Suppose we constrain objects from a known set to stand in certain `upright' poses on a supporting plane, for instance, chairs and tables on the floor, or glasses and bottles on a table. The orientation of such planes is often known, as for a mobile robot in flat terrain. If the plane orientation is known, the space of object poses that has to be searched for analyzing such a scene is reduced to at most 4 dimensions (3 for translation in physical space, 1 for rotation about an axis) per object. The pose space is further reduced to 3 dimensions, if the height of the plane is known, as for a robot's camera system mounted at a certain height above the ground or table.
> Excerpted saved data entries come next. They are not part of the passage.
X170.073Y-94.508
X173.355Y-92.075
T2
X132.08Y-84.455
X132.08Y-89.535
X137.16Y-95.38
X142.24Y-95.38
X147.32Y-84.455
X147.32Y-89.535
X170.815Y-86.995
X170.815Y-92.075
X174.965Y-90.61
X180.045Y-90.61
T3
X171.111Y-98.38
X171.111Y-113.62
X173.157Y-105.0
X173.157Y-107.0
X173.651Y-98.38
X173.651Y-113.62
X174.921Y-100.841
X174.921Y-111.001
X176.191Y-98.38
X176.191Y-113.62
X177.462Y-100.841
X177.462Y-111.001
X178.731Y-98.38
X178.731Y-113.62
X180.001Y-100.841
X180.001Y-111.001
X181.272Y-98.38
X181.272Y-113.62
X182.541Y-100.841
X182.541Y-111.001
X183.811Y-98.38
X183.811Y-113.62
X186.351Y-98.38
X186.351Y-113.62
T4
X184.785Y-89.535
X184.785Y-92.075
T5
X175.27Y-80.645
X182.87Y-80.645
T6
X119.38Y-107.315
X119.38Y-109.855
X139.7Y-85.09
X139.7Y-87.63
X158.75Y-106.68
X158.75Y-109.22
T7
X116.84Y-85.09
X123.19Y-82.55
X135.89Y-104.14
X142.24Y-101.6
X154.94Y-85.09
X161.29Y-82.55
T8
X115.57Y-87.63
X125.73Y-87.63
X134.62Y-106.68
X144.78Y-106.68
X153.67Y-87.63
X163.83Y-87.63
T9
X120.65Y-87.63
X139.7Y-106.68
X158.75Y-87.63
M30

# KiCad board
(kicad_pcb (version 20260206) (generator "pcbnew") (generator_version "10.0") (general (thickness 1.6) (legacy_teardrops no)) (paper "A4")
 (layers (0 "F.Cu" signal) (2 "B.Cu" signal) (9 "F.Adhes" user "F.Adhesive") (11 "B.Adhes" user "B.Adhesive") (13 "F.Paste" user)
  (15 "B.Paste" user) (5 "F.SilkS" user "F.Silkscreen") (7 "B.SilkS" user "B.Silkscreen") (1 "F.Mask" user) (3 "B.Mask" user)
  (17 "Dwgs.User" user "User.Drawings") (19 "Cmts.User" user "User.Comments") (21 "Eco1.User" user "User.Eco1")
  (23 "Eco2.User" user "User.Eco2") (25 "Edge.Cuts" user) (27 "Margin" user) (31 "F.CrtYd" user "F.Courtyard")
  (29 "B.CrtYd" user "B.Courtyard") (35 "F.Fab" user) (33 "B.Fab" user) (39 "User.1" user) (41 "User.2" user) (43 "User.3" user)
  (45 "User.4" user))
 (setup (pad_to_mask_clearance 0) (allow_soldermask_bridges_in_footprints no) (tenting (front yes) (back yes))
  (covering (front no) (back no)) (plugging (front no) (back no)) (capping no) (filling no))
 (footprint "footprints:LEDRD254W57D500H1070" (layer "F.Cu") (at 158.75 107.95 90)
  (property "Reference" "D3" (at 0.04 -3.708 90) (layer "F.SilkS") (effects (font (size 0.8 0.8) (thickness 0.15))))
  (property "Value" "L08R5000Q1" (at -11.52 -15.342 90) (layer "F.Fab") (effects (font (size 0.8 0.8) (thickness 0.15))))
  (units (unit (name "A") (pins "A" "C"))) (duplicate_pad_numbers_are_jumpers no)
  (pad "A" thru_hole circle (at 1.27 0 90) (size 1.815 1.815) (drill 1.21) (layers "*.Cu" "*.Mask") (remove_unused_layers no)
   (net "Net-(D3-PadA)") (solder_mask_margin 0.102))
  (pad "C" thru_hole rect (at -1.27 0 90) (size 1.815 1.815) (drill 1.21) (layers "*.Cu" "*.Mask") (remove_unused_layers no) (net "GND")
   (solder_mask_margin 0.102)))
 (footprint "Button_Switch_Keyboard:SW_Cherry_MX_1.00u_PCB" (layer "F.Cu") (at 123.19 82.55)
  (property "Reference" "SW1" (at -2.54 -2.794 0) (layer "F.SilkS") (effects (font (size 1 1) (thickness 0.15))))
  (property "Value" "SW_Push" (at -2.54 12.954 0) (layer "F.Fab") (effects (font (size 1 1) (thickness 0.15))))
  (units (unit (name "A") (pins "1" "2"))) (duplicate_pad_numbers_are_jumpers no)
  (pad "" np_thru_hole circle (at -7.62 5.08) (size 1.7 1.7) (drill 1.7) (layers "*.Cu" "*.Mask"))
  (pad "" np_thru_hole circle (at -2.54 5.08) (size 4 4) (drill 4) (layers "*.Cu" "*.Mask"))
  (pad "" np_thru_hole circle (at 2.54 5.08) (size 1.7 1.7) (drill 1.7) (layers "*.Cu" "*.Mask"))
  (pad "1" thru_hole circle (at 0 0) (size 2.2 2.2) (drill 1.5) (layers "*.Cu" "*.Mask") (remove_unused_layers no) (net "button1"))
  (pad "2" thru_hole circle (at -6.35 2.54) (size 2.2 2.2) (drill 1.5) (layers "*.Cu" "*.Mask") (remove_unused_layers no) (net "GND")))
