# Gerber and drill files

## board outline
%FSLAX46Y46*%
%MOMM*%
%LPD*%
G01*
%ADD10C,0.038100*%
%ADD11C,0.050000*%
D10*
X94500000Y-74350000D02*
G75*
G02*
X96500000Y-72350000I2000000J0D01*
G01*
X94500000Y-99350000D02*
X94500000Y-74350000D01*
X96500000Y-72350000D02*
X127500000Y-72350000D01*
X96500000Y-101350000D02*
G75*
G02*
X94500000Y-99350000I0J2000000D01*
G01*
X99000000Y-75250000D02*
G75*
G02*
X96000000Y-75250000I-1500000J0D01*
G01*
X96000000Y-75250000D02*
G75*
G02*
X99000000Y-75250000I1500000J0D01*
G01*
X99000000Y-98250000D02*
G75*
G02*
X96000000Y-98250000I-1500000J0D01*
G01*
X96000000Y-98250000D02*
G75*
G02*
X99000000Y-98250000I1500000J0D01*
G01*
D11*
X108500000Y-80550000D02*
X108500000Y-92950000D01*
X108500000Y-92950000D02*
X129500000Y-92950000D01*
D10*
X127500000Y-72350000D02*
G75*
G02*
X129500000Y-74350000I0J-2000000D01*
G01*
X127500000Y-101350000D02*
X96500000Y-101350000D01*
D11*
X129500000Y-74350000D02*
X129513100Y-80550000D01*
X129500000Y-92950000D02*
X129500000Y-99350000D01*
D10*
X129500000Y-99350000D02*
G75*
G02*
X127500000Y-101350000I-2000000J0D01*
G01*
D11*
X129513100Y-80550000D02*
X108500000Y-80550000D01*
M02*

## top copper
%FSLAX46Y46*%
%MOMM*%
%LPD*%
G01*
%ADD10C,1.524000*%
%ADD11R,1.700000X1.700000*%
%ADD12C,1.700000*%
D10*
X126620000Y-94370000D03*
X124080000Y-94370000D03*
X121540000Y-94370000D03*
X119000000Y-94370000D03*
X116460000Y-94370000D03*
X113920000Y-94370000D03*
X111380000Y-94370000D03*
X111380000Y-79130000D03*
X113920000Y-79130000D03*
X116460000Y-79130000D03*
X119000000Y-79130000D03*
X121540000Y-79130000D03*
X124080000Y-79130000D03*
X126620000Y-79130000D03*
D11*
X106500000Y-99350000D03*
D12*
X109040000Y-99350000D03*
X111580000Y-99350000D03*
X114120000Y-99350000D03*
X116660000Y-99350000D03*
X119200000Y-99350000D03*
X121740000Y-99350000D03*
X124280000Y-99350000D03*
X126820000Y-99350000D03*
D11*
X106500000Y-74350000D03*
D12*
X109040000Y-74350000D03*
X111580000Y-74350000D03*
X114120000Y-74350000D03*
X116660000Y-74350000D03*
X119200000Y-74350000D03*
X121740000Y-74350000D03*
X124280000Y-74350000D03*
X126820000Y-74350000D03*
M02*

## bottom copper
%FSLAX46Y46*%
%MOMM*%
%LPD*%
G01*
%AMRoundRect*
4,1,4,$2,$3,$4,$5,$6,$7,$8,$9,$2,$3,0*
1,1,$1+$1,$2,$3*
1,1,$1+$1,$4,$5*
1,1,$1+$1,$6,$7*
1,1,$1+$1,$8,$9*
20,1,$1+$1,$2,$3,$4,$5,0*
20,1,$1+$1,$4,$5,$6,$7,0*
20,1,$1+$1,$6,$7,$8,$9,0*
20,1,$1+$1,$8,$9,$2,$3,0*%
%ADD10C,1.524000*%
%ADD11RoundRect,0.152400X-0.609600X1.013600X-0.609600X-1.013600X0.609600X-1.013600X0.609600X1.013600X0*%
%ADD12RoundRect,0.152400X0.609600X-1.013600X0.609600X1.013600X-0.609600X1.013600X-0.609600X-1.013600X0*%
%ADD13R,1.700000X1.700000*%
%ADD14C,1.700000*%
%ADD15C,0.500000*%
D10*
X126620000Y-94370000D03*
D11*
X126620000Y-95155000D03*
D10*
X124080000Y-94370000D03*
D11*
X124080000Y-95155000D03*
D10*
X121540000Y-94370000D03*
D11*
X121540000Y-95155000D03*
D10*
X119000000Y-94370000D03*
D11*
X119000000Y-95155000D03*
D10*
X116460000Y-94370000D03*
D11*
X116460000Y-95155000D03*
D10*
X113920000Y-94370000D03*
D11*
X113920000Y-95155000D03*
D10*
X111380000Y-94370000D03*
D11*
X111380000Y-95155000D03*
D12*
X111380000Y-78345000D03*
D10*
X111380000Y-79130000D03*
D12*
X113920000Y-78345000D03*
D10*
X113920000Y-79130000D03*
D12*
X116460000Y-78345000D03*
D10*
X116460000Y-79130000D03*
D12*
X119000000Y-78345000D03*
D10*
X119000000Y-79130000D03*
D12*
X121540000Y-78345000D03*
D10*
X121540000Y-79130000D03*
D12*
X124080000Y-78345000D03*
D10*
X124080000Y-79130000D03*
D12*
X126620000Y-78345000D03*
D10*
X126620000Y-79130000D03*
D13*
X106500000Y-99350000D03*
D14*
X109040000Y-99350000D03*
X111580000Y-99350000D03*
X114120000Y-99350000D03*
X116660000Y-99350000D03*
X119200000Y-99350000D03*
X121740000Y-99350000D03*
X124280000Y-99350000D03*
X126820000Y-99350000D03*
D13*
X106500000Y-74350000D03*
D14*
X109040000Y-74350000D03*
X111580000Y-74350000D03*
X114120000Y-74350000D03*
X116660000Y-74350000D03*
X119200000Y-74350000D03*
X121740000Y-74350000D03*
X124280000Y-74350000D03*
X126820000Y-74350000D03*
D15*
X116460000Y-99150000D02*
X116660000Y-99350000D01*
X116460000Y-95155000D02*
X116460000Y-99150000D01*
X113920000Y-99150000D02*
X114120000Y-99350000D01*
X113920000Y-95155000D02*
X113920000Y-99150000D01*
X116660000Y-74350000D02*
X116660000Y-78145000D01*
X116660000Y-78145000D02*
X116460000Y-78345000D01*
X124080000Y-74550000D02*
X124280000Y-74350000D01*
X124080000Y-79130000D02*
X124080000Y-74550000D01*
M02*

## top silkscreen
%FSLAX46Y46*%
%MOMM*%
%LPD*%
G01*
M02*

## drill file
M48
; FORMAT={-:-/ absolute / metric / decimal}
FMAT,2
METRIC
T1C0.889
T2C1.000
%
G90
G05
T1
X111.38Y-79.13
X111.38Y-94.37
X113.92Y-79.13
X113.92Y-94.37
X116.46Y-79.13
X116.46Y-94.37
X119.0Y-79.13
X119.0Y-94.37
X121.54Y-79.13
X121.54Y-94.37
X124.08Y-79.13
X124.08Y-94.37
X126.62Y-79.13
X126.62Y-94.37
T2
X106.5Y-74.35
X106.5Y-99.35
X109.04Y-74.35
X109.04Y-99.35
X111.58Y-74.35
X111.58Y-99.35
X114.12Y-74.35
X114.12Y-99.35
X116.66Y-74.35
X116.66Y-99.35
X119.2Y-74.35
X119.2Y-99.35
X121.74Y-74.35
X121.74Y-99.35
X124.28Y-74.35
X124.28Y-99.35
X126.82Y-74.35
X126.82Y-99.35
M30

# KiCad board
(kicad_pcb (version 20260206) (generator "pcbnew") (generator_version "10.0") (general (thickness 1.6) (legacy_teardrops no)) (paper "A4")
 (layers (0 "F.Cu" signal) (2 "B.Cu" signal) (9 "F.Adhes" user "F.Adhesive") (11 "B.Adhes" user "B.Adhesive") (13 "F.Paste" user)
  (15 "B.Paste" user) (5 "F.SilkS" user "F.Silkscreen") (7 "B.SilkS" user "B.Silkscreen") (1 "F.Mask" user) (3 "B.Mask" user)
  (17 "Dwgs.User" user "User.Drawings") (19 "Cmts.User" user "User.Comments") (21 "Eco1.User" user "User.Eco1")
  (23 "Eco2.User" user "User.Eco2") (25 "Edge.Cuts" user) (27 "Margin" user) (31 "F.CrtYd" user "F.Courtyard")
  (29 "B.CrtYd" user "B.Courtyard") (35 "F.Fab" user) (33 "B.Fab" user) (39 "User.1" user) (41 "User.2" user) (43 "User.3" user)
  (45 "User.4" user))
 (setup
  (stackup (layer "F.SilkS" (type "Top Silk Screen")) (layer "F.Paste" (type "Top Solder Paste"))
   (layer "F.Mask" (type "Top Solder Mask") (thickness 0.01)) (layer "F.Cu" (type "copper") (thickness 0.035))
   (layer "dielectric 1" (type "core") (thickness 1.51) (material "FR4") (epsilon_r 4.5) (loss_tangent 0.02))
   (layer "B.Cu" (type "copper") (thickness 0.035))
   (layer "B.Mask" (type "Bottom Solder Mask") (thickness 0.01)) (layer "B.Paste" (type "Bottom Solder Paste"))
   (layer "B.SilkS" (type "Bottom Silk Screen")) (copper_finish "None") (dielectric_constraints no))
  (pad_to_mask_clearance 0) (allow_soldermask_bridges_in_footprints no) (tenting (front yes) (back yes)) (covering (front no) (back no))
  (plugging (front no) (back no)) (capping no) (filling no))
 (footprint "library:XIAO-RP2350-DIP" (layer "B.Cu") (at 119 86.75)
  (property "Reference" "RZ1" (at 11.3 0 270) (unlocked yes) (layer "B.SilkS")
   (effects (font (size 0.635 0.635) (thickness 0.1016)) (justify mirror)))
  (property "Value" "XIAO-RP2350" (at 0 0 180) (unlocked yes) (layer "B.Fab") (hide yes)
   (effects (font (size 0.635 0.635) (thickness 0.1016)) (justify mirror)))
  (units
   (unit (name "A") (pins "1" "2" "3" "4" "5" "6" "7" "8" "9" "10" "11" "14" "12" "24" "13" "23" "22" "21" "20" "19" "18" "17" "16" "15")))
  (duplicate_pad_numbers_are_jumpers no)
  (pad "1" thru_hole circle (at 7.62 7.62 270) (size 1.524 1.524) (drill 0.889) (layers "*.Cu" "*.Mask") (remove_unused_layers no)
   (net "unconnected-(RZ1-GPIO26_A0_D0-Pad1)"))
  (pad "1" smd roundrect (at 7.62 8.405 270) (size 2.332 1.524) (layers "B.Cu" "B.Mask") (roundrect_rratio 0.1)
   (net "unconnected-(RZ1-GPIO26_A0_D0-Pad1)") (thermal_bridge_angle 45))
  (pad "2" thru_hole circle (at 5.08 7.62 270) (size 1.524 1.524) (drill 0.889) (layers "*.Cu" "*.Mask") (remove_unused_layers no)
   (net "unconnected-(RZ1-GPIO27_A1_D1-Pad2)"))
  (pad "2" smd roundrect (at 5.08 8.405 270) (size 2.332 1.524) (layers "B.Cu" "B.Mask") (roundrect_rratio 0.1)
   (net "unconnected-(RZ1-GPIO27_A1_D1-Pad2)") (thermal_bridge_angle 45))
  (pad "3" thru_hole circle (at 2.54 7.62 270) (size 1.524 1.524) (drill 0.889) (layers "*.Cu" "*.Mask") (remove_unused_layers no)
   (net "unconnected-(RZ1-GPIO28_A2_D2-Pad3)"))
  (pad "3" smd roundrect (at 2.54 8.405 270) (size 2.332 1.524) (layers "B.Cu" "B.Mask") (roundrect_rratio 0.1)
   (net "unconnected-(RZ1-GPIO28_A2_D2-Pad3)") (thermal_bridge_angle 45))
  (pad "4" thru_hole circle (at 0 7.62 270) (size 1.524 1.524) (drill 0.889) (layers "*.Cu" "*.Mask") (remove_unused_layers no)
   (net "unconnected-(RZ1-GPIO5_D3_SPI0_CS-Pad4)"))
  (pad "4" smd roundrect (at 0 8.405 270) (size 2.332 1.524) (layers "B.Cu" "B.Mask") (roundrect_rratio 0.1)
   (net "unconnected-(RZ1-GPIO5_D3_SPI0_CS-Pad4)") (thermal_bridge_angle 45))
  (pad "5" thru_hole circle (at -2.54 7.62 270) (size 1.524 1.524) (drill 0.889) (layers "*.Cu" "*.Mask") (remove_unused_layers no)
   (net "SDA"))
  (pad "5" smd roundrect (at -2.54 8.405 270) (size 2.332 1.524) (layers "B.Cu" "B.Mask") (roundrect_rratio 0.1) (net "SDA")
   (thermal_bridge_angle 45))
  (pad "6" thru_hole circle (at -5.08 7.62 270) (size 1.524 1.524) (drill 0.889) (layers "*.Cu" "*.Mask") (remove_unused_layers no)
   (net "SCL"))
  (pad "6" smd roundrect (at -5.08 8.405 270) (size 2.332 1.524) (layers "B.Cu" "B.Mask") (roundrect_rratio 0.1) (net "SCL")
   (thermal_bridge_angle 45))
  (pad "7" thru_hole circle (at -7.62 7.62 270) (size 1.524 1.524) (drill 0.889) (layers "*.Cu" "*.Mask") (remove_unused_layers no)
   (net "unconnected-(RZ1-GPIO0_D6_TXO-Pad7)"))
  (pad "7" smd roundrect (at -7.62 8.405 270) (size 2.332 1.524) (layers "B.Cu" "B.Mask") (roundrect_rratio 0.1)
   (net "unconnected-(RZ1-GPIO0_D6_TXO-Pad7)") (thermal_bridge_angle 45))
  (pad "8" smd roundrect (at -7.62 -8.405 90) (size 2.332 1.524) (layers "B.Cu" "B.Mask") (roundrect_rratio 0.1)
   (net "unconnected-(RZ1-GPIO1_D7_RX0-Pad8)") (thermal_bridge_angle 45))
  (pad "8" thru_hole circle (at -7.62 -7.62 90) (size 1.524 1.524) (drill 0.889) (layers "*.Cu" "*.Mask") (remove_unused_layers no)
   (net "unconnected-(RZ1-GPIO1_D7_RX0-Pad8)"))
  (pad "9" smd roundrect (at -5.08 -8.405 90) (size 2.332 1.524) (layers "B.Cu" "B.Mask") (roundrect_rratio 0.1)
   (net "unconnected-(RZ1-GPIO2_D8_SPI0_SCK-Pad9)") (thermal_bridge_angle 45))
  (pad "9" thru_hole circle (at -5.08 -7.62 90) (size 1.524 1.524) (drill 0.889) (layers "*.Cu" "*.Mask") (remove_unused_layers no)
   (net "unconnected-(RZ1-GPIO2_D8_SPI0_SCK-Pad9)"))
  (pad "10" smd roundrect (at -2.54 -8.405 90) (size 2.332 1.524) (layers "B.Cu" "B.Mask") (roundrect_rratio 0.1) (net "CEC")
   (thermal_bridge_angle 45))
  (pad "10" thru_hole circle (at -2.54 -7.62 90) (size 1.524 1.524) (drill 0.889) (layers "*.Cu" "*.Mask") (remove_unused_layers no)
   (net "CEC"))
  (pad "11" smd roundrect (at 0 -8.405 90) (size 2.332 1.524) (layers "B.Cu" "B.Mask") (roundrect_rratio 0.1)
   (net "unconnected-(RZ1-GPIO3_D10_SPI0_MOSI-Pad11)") (thermal_bridge_angle 45))
  (pad "11" thru_hole circle (at 0 -7.62 90) (size 1.524 1.524) (drill 0.889) (layers "*.Cu" "*.Mask") (remove_unused_layers no)
   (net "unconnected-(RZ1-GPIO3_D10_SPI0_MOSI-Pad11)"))
  (pad "12" smd roundrect (at 2.54 -8.405 90) (size 2.332 1.524) (layers "B.Cu" "B.Mask") (roundrect_rratio 0.1)
   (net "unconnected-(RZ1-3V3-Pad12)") (thermal_bridge_angle 45))
  (pad "12" thru_hole circle (at 2.54 -7.62 90) (size 1.524 1.524) (drill 0.889) (layers "*.Cu" "*.Mask") (remove_unused_layers no)
   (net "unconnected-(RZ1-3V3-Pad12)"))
In such reduced parameter spaces, a global search for a scene interpretation may be feasible. Moreover, the particular nature of stereo data of such scenes may be exploited by very efficient algorithms that implement a computational shortcut and a good approximation to a full maximum-likelihood interpretation.
We use a three-camera system (Digiclops, Point Grey Research Inc.) to perform stereo processing with a horizontal and a vertical stereo pair (baseline 10 cm). Each image has a resolution of 640x480 pixels. The algorithm employed is a straightforward local correspondence search by minimizing the sum of absolute differences over square patches of the LoG-filtered (Laplacian-of-Gaussian filter) images. We have set a high threshold for valid regions of the LoG-filtered images, such that only regions of high scene contrast are taken into account. As a result, mainly surface creases, sharp bends, and depth discontinuities contribute to further processing. The output from stereo processing thus is a sparse representation of the scene by rather few 3D-data points, outlining the objects on the table.
The sparse scene representation that we obtain from stereo processing has two major advantages for the processing steps to follow: it keeps the computational load low and it allows for a reliable scene interpretation by simple methods adapted from fuzzy-set and probability theory. It turns out that objects standing on a weakly textured plane, like our table, are visually well described by a few 3D-data points restricted to high-contrast regions of the scene.
The object models used for scene analysis are derived from empirically sampled histograms of the stereo data produced by the objects of interest. The models describe the probability for a data point at a specific position in data space to arise from a specific object with specific pose. In fuzzy-set theory, they would be called the `membership function for data points' of the specific object and pose. Traditional fuzzy logic, however, is independent of any probabilistic interpretation of membership values.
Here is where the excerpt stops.